Знаменитая Penny Lane — воспетая Битлами улица — получила свое имя в честь работорговца Джеймса Пенни. А центральный парк Уолласи, в котором я много лет выгуливал детей и который каждую пятницу благоустраиваю в команде волонтеров, был разбит не как общественный парк, а как поместье, которое отгрохал для себя другой работорговец — сэр Джон Тобин, по совместительству мэр Ливерпуля в 1819-20 годах.

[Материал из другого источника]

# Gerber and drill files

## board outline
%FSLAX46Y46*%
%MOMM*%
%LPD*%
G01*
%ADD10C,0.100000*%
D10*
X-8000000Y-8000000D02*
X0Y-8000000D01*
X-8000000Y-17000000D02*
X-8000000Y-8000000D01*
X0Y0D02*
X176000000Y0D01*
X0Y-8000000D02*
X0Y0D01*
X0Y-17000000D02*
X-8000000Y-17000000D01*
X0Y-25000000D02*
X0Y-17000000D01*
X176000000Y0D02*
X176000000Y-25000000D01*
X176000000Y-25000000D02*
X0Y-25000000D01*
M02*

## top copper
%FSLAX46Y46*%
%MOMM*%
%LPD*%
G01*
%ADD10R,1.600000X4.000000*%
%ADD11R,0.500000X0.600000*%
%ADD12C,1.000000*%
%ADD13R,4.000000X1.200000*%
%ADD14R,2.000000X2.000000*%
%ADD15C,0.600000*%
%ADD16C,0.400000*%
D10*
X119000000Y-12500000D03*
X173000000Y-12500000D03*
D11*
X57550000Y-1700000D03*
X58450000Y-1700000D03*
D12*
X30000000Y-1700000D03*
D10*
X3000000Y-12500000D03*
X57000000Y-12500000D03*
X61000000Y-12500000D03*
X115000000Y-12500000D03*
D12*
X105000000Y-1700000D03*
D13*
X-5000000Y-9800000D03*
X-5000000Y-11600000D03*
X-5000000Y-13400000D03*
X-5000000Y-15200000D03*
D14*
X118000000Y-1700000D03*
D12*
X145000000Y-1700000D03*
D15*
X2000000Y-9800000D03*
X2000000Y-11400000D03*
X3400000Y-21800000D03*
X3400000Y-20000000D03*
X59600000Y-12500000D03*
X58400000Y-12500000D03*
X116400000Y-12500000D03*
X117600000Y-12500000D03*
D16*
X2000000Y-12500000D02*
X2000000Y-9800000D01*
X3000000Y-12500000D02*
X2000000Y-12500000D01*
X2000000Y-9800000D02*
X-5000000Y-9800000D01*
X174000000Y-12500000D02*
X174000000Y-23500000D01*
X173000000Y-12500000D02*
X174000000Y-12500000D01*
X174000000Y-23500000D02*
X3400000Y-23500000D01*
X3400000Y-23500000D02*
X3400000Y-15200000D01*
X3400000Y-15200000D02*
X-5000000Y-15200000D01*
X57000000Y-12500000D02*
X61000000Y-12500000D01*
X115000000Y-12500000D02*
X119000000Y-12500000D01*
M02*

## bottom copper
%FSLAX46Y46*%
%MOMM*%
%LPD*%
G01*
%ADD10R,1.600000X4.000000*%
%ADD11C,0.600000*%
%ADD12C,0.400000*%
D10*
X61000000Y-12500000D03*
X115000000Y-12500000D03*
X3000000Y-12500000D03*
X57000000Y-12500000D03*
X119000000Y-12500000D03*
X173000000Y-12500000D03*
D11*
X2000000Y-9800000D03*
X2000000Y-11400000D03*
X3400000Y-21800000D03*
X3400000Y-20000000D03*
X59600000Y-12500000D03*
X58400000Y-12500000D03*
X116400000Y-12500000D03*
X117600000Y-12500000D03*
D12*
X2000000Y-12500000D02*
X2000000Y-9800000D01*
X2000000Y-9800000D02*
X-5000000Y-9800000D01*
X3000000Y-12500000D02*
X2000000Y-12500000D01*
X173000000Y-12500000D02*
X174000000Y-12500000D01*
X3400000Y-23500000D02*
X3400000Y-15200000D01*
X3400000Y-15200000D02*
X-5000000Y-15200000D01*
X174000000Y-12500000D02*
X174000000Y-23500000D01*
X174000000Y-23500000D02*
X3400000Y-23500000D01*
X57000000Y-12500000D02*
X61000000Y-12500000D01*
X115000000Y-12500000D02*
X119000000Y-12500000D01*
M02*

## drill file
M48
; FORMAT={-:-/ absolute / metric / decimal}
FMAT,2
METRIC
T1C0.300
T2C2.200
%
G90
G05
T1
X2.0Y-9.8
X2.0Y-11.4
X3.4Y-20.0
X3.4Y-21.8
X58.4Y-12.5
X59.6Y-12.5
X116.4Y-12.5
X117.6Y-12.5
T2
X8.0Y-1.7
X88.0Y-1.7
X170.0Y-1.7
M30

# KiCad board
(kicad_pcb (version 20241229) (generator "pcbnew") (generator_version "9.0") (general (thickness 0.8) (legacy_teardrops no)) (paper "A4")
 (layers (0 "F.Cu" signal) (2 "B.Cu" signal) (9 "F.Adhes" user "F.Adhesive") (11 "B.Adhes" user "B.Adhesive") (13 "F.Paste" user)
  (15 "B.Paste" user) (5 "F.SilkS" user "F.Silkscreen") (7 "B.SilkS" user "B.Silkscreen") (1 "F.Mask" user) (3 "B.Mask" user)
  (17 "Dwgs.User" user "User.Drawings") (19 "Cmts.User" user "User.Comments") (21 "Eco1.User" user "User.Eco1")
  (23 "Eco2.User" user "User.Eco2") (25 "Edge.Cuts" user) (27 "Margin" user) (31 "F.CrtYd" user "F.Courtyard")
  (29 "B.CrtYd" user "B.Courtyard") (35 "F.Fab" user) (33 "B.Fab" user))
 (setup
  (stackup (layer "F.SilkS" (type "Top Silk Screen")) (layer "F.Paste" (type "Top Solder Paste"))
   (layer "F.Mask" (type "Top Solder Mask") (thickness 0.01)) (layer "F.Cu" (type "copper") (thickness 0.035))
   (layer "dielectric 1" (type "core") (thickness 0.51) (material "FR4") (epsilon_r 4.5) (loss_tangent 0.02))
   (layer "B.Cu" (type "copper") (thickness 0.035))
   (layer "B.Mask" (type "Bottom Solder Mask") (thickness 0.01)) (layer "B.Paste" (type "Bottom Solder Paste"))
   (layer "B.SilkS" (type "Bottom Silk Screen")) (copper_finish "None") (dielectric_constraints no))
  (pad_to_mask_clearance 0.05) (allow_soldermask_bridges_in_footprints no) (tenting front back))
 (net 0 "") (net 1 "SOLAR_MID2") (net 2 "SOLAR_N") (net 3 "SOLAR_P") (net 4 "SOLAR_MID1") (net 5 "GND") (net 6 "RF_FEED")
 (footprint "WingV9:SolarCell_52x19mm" (layer "F.Cu") (at 146 12.5)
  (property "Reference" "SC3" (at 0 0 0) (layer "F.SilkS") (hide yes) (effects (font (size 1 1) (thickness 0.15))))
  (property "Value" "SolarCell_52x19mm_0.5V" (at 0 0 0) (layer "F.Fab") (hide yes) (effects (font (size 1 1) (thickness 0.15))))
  (pad "1" smd rect (at -27 0) (size 1.6 4) (layers "F.Cu" "F.Mask" "F.Paste") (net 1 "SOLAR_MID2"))
  (pad "2" smd rect (at 27 0) (size 1.6 4) (layers "F.Cu" "F.Mask" "F.Paste") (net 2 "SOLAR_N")))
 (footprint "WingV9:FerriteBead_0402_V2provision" (layer "F.Cu") (at 58 1.7)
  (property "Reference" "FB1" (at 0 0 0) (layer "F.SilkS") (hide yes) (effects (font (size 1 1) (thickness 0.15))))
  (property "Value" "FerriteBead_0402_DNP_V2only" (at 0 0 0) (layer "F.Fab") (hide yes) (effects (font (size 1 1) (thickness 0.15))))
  (pad "1" smd rect (at -0.45 0) (size 0.5 0.6) (layers "F.Cu" "F.Mask" "F.Paste"))
  (pad "2" smd rect (at 0.45 0) (size 0.5 0.6) (layers "F.Cu" "F.Mask" "F.Paste")))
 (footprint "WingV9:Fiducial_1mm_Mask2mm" (layer "F.Cu") (at 30 1.7)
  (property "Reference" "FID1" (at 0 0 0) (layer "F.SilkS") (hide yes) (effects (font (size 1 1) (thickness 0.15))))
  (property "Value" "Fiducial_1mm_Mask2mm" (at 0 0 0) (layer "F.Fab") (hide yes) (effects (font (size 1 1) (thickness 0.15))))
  (pad "1" smd circle (at 0 0) (size 1 1) (layers "F.Cu" "F.Mask")))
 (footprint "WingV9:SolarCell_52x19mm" (layer "F.Cu") (at 30 12.5)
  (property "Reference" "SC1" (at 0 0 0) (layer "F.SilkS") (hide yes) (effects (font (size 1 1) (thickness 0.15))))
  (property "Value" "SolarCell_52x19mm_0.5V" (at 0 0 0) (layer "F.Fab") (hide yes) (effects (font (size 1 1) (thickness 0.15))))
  (pad "1" smd rect (at -27 0) (size 1.6 4) (layers "F.Cu" "F.Mask" "F.Paste") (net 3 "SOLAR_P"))
  (pad "2" smd rect (at 27 0) (size 1.6 4) (layers "F.Cu" "F.Mask" "F.Paste") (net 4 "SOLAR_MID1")))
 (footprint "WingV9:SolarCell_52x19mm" (layer "F.Cu") (at 88 12.5)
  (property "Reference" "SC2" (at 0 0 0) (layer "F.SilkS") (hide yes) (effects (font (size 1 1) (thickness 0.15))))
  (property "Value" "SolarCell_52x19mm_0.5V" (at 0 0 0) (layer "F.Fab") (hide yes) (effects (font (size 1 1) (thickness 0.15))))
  (pad "1" smd rect (at -27 0) (size 1.6 4) (layers "F.Cu" "F.Mask" "F.Paste") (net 4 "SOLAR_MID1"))
  (pad "2" smd rect (at 27 0) (size 1.6 4) (layers "F.Cu" "F.Mask" "F.Paste") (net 1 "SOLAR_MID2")))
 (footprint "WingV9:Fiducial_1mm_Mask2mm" (layer "F.Cu") (at 105 1.7)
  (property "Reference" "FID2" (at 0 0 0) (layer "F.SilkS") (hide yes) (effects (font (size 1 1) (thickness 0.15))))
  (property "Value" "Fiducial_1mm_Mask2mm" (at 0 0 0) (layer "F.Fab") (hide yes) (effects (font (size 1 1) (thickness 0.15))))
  (pad "1" smd circle (at 0 0) (size 1 1) (layers "F.Cu" "F.Mask")))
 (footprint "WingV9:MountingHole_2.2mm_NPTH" (layer "F.Cu") (at 8 1.7)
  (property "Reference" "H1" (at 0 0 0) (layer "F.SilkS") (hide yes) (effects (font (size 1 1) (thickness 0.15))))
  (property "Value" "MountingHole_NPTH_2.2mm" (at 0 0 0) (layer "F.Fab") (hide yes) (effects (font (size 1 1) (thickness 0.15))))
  (pad "" np_thru_hole circle (at 0 0) (size 2.2 2.2) (drill 2.2) (layers "*.Cu" "*.Mask")))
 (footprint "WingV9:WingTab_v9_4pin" (layer "F.Cu") (at 0 0)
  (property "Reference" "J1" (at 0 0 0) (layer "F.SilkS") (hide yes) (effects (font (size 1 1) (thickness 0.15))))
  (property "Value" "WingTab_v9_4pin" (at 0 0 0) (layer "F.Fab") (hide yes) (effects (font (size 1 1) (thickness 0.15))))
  (pad "1" smd rect (at -5 9.8) (size 4 1.2) (layers "F.Cu" "F.Mask" "F.Paste") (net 3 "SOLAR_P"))
  (pad "2" smd rect (at -5 11.6) (size 4 1.2) (layers "F.Cu" "F.Mask" "F.Paste") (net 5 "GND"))
  (pad "3" smd rect (at -5 13.4) (size 4 1.2) (layers "F.Cu" "F.Mask" "F.Paste") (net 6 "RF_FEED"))
  (pad "4" smd rect (at -5 15.2) (size 4 1.2) (layers "F.Cu" "F.Mask" "F.Paste") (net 2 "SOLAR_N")))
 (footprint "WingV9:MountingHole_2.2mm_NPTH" (layer "F.Cu") (at 170 1.7)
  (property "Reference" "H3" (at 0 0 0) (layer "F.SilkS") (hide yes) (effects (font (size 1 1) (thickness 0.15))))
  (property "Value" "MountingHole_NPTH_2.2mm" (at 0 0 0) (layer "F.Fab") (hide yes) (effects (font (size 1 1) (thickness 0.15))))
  (pad "" np_thru_hole circle (at 0 0) (size 2.2 2.2) (drill 2.2) (layers "*.Cu" "*.Mask")))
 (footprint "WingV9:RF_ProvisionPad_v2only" (layer "F.Cu") (at 118 1.7)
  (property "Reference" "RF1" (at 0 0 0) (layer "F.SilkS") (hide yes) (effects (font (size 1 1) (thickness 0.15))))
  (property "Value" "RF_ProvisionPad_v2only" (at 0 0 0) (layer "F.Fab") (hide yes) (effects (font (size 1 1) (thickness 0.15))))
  (pad "1" smd rect (at 0 0) (size 2 2) (layers "F.Cu" "F.Mask")))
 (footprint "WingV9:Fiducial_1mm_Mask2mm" (layer "F.Cu") (at 145 1.7)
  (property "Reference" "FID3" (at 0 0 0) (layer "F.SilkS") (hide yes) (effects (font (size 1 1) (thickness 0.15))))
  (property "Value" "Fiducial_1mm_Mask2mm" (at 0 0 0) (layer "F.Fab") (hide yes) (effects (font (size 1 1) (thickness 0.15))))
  (pad "1" smd circle (at 0 0) (size 1 1) (layers "F.Cu" "F.Mask")))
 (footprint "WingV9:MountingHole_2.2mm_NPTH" (layer "F.Cu") (at 88 1.7)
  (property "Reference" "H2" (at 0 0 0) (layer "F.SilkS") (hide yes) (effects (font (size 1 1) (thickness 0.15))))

Британское общественное мнение сегодня солидарно и однозначно. Колониализм — зло. Имперского прошлого можно и должно только стыдиться. Уж никак не гордиться им. Тем интереснее голоса тех, кто призывает не рубить сплеча и разобраться в истории непредвзято. Голоса таких, как шотландский историк Ниал (он же Нил) Фергюсон.
Пираты — плантаторы — миссионеры — чиновники — банкиры — банкроты. Таков, по Фергюсону, исторический пунктир имперского строительства. Сэр Стенли Морган, знаменитый буканьер, вкладывает барыши от награбленного в ямайскую недвижимость и принимается выращивать сахарный тростник. Ост-Индская компания стремительно превращается в подобие государства и опутывает своими щупальцами Индостан. Давид Ливингстон разочаровывается в миссионерстве и отправляется исследовать дикие уголки Африки. Сосланные в Австралию каторжники после отсидки не желают возвращаться в метрополию и превращают новую родину в цветущий край. Вчерашние работорговцы вдруг становятся борцами с рабством. Одна метаморфоза за другой.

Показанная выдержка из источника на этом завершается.